Classify documents with 500+ labels

ai_classify accepts up to 500 labels per call. For larger taxonomies, pre-filter labels per document using embedding similarity, then call ai_classify on the shortlist of top-K candidates. This tutorial shows you how to find the optimal K — the smallest number of candidates that preserves accuracy.

note

vector_cosine_similarity is only available on Databricks Runtime 18.1 and above.

Before you begin

  • A Unity Catalog-enabled workspace with access to ai_classify (see availability).
  • Databricks Runtime 18.1+ (required for vector_cosine_similarity).
  • A Delta table of documents to classify.
  • A Delta table of labels with a key column and an optional description column.
  • A small evaluation set with ground-truth labels, or the ability to create one (Option B in step 4).

0. Configuration

Set your table names, column names, and embedding model. The helper function top_k_labels_json builds the JSON expression passed to ai_classify for each document's top-K candidates.

Python
# -- Your tables --
DOCS_TABLE = "path.to.your_docs_table" # table of documents to classify
DOCS_TEXT_COL = "document" # column with text to classify
DOCS_ID_COL = None # unique ID column; set to None to auto-generate via md5

LABELS_TABLE = "path.to.your_labels_table" # table of labels
LABELS_KEY_COL = "label" # column with label value
LABELS_DESC_COL = "description" # description column; set to None if labels have no descriptions

# -- Embedding model --
EMBEDDING_MODEL = "databricks-qwen3-embedding-0-6b" # compact model, good default for English text

# -- K values to sweep --
K_VALUES = [10, 20, 50, 100, 200, 500]

# -- Eval set size (if you need to create one) --
EVAL_SAMPLE_SIZE = 100 # docs to sample for manual labeling
Python
doc_id_expr = DOCS_ID_COL if DOCS_ID_COL else f"md5({DOCS_TEXT_COL})"
label_embed_text = (
f"concat({LABELS_KEY_COL}, ': ', {LABELS_DESC_COL})"
if LABELS_DESC_COL
else LABELS_KEY_COL
)
def top_k_labels_json(k_val, prefix=""):
"""Build a JSON expression for top-K labels using max_by aggregate."""
col_prefix = f"{prefix}." if prefix else ""
if LABELS_DESC_COL:
return f"to_json(map_from_entries(max_by(struct({col_prefix}{LABELS_KEY_COL}, {col_prefix}{LABELS_DESC_COL}), {col_prefix}score, {k_val})))"
else:
return f"to_json(max_by({col_prefix}{LABELS_KEY_COL}, {col_prefix}score, {k_val}))"
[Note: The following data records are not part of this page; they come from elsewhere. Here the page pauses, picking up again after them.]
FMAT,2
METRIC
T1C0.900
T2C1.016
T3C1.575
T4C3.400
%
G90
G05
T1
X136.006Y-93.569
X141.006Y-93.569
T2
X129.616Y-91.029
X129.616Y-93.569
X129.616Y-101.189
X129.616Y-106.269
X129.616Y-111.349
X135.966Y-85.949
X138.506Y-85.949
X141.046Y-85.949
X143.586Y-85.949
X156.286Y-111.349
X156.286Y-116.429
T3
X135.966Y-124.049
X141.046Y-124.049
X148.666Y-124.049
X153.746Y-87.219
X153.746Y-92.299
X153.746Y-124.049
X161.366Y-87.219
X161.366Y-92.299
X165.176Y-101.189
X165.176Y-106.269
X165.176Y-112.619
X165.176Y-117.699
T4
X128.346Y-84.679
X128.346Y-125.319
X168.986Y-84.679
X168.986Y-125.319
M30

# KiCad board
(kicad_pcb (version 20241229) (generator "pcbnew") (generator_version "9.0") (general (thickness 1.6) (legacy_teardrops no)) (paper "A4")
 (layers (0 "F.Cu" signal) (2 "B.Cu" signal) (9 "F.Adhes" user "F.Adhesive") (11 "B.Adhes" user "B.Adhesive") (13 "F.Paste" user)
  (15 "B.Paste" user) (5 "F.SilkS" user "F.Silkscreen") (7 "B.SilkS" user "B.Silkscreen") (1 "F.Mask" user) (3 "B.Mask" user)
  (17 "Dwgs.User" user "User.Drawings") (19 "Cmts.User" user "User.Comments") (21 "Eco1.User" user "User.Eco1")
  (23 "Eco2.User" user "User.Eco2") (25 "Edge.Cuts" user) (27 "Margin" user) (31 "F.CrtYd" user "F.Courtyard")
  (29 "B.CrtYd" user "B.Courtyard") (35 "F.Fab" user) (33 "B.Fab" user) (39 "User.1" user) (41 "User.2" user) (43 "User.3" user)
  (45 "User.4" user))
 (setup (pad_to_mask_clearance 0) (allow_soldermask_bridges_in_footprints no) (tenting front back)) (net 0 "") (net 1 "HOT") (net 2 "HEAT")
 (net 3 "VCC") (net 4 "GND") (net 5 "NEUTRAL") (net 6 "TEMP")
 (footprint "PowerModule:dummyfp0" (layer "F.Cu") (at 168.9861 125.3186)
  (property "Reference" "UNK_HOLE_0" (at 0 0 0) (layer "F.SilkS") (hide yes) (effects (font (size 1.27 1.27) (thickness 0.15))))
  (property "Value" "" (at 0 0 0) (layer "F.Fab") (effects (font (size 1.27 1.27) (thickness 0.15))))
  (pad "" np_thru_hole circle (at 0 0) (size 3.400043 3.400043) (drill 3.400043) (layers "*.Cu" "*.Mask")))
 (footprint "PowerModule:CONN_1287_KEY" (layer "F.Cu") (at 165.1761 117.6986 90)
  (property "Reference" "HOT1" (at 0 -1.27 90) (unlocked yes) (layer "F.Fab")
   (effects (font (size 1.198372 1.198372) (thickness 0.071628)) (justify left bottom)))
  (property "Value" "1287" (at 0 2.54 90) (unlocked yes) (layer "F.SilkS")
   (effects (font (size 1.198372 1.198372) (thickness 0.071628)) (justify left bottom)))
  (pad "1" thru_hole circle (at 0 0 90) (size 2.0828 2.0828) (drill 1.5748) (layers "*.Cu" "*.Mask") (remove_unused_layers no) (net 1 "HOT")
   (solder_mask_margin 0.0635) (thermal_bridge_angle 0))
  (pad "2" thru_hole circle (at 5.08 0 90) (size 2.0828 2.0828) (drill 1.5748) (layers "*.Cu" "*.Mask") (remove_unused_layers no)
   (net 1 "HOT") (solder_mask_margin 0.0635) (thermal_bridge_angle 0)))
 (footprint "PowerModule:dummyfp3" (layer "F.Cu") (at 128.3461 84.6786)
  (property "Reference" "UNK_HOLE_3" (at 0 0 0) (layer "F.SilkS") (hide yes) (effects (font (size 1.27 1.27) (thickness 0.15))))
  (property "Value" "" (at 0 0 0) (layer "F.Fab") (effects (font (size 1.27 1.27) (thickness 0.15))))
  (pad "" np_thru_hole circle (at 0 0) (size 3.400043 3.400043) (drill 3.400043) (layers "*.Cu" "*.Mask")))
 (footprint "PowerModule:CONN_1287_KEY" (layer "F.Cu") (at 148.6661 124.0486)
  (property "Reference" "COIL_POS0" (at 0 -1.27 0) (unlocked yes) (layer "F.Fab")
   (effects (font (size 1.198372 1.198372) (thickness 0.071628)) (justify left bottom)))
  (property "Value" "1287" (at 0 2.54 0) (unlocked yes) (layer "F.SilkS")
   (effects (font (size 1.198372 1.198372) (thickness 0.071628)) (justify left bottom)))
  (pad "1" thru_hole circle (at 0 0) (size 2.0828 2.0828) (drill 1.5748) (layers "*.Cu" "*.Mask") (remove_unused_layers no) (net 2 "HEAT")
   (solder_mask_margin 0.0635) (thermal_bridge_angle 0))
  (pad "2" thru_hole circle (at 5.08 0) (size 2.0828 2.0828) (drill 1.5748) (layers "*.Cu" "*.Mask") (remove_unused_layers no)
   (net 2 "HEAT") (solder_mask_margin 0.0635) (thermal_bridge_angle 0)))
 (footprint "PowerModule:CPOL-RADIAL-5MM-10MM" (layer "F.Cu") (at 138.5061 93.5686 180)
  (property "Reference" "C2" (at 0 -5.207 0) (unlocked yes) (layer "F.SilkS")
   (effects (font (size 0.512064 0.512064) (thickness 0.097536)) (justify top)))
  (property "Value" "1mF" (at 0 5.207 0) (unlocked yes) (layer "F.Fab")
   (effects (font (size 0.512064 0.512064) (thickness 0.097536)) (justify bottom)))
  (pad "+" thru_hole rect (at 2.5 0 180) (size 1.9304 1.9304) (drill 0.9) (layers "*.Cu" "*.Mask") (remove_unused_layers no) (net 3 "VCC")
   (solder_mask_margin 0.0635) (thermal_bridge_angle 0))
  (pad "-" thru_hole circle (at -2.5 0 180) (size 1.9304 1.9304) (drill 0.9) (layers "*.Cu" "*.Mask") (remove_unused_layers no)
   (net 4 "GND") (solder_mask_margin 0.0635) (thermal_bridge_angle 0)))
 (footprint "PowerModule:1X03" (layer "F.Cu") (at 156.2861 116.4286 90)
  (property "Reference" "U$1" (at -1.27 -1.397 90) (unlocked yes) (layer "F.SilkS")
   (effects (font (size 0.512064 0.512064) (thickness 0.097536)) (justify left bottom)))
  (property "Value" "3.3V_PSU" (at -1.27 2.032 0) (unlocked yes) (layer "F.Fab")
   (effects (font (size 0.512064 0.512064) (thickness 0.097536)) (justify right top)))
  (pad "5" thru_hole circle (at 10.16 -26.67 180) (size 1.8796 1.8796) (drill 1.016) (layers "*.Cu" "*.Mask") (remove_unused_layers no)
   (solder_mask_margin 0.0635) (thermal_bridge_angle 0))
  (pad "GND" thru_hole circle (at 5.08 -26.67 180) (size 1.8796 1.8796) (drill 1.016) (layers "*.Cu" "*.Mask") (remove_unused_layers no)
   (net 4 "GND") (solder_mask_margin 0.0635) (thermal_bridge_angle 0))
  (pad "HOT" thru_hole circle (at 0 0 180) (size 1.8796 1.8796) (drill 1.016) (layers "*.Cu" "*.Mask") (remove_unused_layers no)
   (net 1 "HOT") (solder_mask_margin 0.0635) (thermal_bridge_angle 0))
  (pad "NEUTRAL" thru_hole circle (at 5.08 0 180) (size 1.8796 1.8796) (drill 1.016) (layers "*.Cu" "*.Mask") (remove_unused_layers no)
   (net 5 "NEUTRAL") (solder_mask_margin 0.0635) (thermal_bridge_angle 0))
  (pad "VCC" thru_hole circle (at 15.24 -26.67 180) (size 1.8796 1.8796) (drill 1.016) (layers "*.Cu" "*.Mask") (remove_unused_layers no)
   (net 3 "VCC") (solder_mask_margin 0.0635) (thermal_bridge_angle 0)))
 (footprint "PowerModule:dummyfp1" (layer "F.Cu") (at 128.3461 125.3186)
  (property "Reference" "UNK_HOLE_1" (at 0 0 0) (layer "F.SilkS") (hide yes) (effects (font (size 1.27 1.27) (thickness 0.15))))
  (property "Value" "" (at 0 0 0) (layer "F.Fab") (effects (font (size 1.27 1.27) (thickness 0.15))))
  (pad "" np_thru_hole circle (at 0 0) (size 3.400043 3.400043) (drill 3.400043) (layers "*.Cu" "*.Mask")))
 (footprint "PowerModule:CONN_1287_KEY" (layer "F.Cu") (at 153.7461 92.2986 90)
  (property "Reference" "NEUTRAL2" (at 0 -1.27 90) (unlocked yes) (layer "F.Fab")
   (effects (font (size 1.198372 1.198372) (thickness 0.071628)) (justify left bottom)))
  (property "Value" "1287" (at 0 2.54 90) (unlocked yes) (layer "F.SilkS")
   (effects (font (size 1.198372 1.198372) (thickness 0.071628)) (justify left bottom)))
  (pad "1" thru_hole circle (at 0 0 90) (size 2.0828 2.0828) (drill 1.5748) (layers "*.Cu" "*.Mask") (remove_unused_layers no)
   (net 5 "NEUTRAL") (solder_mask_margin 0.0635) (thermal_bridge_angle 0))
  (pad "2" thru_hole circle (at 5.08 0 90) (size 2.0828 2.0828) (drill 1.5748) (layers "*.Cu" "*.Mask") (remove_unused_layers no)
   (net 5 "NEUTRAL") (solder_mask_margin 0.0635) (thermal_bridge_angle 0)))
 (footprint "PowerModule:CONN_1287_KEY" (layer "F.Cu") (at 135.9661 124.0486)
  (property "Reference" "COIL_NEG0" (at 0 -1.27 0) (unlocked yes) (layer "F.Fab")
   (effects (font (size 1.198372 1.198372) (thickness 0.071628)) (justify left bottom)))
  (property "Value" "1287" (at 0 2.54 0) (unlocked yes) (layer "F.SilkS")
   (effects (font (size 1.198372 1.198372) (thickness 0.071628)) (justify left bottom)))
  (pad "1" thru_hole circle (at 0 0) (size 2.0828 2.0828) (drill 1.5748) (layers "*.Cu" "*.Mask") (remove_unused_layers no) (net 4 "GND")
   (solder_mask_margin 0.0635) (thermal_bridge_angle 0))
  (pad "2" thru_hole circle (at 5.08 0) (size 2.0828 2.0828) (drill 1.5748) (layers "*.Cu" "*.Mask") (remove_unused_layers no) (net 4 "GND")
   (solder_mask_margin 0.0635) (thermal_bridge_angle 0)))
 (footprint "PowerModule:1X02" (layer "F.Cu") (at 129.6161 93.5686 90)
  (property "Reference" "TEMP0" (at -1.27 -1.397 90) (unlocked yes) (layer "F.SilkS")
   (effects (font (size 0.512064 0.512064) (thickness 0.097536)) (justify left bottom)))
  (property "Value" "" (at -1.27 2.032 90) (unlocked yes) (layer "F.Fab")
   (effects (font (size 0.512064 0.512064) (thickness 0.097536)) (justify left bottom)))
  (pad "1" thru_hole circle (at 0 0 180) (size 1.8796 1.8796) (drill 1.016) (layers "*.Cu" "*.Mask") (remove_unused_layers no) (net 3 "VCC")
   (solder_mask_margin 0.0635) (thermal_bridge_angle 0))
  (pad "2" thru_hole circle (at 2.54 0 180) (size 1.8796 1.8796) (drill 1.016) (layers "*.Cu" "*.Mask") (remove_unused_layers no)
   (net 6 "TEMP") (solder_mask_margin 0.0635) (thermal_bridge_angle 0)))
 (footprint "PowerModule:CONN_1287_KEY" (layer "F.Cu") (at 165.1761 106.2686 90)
print(f"Docs table: {DOCS_TABLE} (text: {DOCS_TEXT_COL}, id: {doc_id_expr})")
print(f"Labels table: {LABELS_TABLE} (key: {LABELS_KEY_COL}, desc: {LABELS_DESC_COL})")
print(f"Embed text: {label_embed_text}")
print(f"K sweep: {K_VALUES}")

1. Embed the labels

Run this once. Re-run only when the taxonomy changes.

Python
spark.sql(f"""
CREATE OR REPLACE TABLE label_embeddings AS
SELECT
{LABELS_KEY_COL},
{f'{LABELS_DESC_COL},' if LABELS_DESC_COL else ''}
cast(
ai_query('{EMBEDDING_MODEL}', {label_embed_text}) AS ARRAY<FLOAT>
) AS embedding
FROM {LABELS_TABLE}
""")

label_count = spark.sql("SELECT count(*) AS n FROM label_embeddings").first()["n"]
print(f"Embedded {label_count} labels")

2. Embed the documents

Python
spark.sql(f"""
CREATE OR REPLACE TABLE doc_embeddings AS
SELECT
{doc_id_expr} AS id,
{DOCS_TEXT_COL},
cast(
ai_query('{EMBEDDING_MODEL}', {DOCS_TEXT_COL}) AS ARRAY<FLOAT>
) AS embedding
FROM {DOCS_TABLE}
""")

doc_count = spark.sql("SELECT count(*) AS n FROM doc_embeddings").first()["n"]
print(f"Embedded {doc_count} documents")

3. Score labels by cosine similarity

Cross-join documents with labels and compute cosine similarity for every pair. This produces N_docs × N_labels rows. For very large document tables, consider partitioning doc_embeddings and running this over each partition. Top-K labels per document are aggregated later using max_by(struct, score, K).

Python
spark.sql(f"""
CREATE OR REPLACE TABLE scored_labels AS
SELECT
d.id,
l.{LABELS_KEY_COL},
{f'l.{LABELS_DESC_COL},' if LABELS_DESC_COL else ''}
vector_cosine_similarity(d.embedding, l.embedding) AS score
FROM doc_embeddings d
CROSS JOIN label_embeddings l
""")

row_count = spark.sql("SELECT count(*) AS n FROM scored_labels").first()["n"]
print(f"Scored labels: {row_count:,} rows ({doc_count} docs × {label_count} labels)")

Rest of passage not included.